— Exercise instructions —
Go through the material and copy each line that includes "CrtYd".

— Stored data —
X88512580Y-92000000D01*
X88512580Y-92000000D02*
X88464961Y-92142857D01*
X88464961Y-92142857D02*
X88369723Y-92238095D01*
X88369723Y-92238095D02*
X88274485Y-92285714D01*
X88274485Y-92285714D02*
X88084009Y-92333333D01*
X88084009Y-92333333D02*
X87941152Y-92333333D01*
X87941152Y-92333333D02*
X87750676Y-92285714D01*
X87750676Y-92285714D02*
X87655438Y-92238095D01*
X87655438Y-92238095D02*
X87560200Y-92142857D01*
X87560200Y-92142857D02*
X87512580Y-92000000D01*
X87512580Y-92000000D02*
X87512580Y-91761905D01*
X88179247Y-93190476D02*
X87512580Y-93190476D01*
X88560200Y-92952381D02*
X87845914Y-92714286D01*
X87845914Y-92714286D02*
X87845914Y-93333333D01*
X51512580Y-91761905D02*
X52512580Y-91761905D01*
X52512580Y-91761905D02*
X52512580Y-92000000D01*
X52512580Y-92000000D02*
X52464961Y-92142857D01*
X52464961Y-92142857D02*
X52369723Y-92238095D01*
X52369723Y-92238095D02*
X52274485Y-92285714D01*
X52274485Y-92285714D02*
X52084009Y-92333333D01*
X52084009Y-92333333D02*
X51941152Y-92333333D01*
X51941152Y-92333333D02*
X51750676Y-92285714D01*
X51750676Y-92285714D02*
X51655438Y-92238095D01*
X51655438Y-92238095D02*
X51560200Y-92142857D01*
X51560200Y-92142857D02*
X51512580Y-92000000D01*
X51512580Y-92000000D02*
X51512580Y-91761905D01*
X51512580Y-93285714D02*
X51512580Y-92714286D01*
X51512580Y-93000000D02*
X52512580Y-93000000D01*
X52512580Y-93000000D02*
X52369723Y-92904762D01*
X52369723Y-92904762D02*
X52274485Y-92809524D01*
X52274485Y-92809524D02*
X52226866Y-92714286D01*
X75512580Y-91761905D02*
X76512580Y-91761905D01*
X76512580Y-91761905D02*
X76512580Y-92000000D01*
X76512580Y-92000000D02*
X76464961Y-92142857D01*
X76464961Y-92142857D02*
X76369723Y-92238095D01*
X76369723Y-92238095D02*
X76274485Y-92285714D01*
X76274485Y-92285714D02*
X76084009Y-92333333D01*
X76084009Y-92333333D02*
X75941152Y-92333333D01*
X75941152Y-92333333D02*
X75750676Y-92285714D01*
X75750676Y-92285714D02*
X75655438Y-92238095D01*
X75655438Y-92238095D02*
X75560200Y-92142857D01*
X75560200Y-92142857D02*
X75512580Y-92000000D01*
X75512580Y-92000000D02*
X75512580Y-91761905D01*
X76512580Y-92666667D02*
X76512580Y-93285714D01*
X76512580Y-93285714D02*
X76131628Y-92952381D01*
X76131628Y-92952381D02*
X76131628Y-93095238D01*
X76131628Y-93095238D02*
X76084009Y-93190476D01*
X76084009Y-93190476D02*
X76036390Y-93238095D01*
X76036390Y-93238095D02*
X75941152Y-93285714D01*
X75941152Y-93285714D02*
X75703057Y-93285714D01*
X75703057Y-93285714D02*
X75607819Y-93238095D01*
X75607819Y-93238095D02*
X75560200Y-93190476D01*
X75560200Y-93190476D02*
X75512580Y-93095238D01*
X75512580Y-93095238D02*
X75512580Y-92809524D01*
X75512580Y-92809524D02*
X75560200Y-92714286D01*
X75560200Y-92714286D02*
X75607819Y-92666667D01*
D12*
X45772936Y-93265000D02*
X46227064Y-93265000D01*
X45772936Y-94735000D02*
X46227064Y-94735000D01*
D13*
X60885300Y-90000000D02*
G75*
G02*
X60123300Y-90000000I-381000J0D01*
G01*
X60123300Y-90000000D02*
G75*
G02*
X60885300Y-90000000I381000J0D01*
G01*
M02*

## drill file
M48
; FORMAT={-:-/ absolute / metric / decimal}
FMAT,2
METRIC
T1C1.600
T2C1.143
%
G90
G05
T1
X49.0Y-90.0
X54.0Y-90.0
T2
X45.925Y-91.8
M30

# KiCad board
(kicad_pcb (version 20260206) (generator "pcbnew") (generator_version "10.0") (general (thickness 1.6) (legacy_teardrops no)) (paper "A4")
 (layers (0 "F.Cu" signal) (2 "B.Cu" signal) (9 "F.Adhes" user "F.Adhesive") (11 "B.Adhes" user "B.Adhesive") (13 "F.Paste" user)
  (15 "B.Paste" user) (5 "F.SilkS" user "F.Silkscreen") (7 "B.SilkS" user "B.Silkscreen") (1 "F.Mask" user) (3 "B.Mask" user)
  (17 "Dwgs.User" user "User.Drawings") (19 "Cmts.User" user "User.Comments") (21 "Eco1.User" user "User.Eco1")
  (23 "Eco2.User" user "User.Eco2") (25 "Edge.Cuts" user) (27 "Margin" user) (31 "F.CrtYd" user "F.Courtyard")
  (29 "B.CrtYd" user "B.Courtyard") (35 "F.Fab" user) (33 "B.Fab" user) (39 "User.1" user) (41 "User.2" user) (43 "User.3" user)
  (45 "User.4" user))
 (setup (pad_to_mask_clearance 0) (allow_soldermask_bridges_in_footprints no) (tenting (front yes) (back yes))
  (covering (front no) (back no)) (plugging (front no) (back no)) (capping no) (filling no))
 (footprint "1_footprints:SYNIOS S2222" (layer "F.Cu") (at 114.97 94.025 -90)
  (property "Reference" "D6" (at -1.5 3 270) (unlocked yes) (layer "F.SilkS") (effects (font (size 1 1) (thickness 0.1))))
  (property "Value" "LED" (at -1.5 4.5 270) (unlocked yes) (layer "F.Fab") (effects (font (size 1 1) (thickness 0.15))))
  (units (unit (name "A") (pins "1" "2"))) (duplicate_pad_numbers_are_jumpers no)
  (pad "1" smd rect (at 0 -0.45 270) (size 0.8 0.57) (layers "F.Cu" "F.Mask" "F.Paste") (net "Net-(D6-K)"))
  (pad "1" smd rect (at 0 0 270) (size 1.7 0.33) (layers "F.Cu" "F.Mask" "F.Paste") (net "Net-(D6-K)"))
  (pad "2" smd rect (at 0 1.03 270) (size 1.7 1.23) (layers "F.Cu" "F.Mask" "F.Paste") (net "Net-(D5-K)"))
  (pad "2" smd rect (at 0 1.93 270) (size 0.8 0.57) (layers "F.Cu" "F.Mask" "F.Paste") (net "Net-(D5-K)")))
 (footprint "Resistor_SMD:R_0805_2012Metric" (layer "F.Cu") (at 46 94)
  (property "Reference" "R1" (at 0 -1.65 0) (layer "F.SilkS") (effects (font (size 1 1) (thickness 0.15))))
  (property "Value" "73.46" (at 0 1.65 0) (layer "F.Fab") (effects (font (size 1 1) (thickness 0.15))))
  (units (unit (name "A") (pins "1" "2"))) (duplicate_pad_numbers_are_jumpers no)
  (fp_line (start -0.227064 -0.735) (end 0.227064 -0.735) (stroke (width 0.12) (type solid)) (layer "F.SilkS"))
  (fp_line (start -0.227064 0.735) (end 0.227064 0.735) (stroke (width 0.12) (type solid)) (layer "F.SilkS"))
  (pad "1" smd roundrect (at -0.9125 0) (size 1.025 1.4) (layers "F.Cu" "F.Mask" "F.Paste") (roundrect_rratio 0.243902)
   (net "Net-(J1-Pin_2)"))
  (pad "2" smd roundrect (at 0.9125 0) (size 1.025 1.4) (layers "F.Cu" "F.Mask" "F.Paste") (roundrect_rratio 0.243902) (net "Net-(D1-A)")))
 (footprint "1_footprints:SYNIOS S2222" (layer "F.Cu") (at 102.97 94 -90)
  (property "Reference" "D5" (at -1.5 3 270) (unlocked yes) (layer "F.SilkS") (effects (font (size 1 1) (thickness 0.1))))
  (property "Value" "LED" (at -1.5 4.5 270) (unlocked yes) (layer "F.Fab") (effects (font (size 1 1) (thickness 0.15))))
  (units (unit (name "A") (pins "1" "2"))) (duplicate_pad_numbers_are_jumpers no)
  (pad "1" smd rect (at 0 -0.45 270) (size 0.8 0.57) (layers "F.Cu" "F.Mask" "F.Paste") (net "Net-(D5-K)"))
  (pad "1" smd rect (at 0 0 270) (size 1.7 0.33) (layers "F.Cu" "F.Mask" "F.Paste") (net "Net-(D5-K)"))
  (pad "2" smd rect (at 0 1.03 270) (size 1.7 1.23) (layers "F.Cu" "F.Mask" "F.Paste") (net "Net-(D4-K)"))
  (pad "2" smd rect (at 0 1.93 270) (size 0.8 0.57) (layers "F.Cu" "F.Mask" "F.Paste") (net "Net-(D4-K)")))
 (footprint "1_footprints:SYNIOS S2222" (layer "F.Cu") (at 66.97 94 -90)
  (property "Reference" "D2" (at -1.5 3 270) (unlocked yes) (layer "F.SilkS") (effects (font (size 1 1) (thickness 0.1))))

— Result for this task —
  (23 "Eco2.User" user "User.Eco2") (25 "Edge.Cuts" user) (27 "Margin" user) (31 "F.CrtYd" user "F.Courtyard")
  (29 "B.CrtYd" user "B.Courtyard") (35 "F.Fab" user) (33 "B.Fab" user) (39 "User.1" user) (41 "User.2" user) (43 "User.3" user)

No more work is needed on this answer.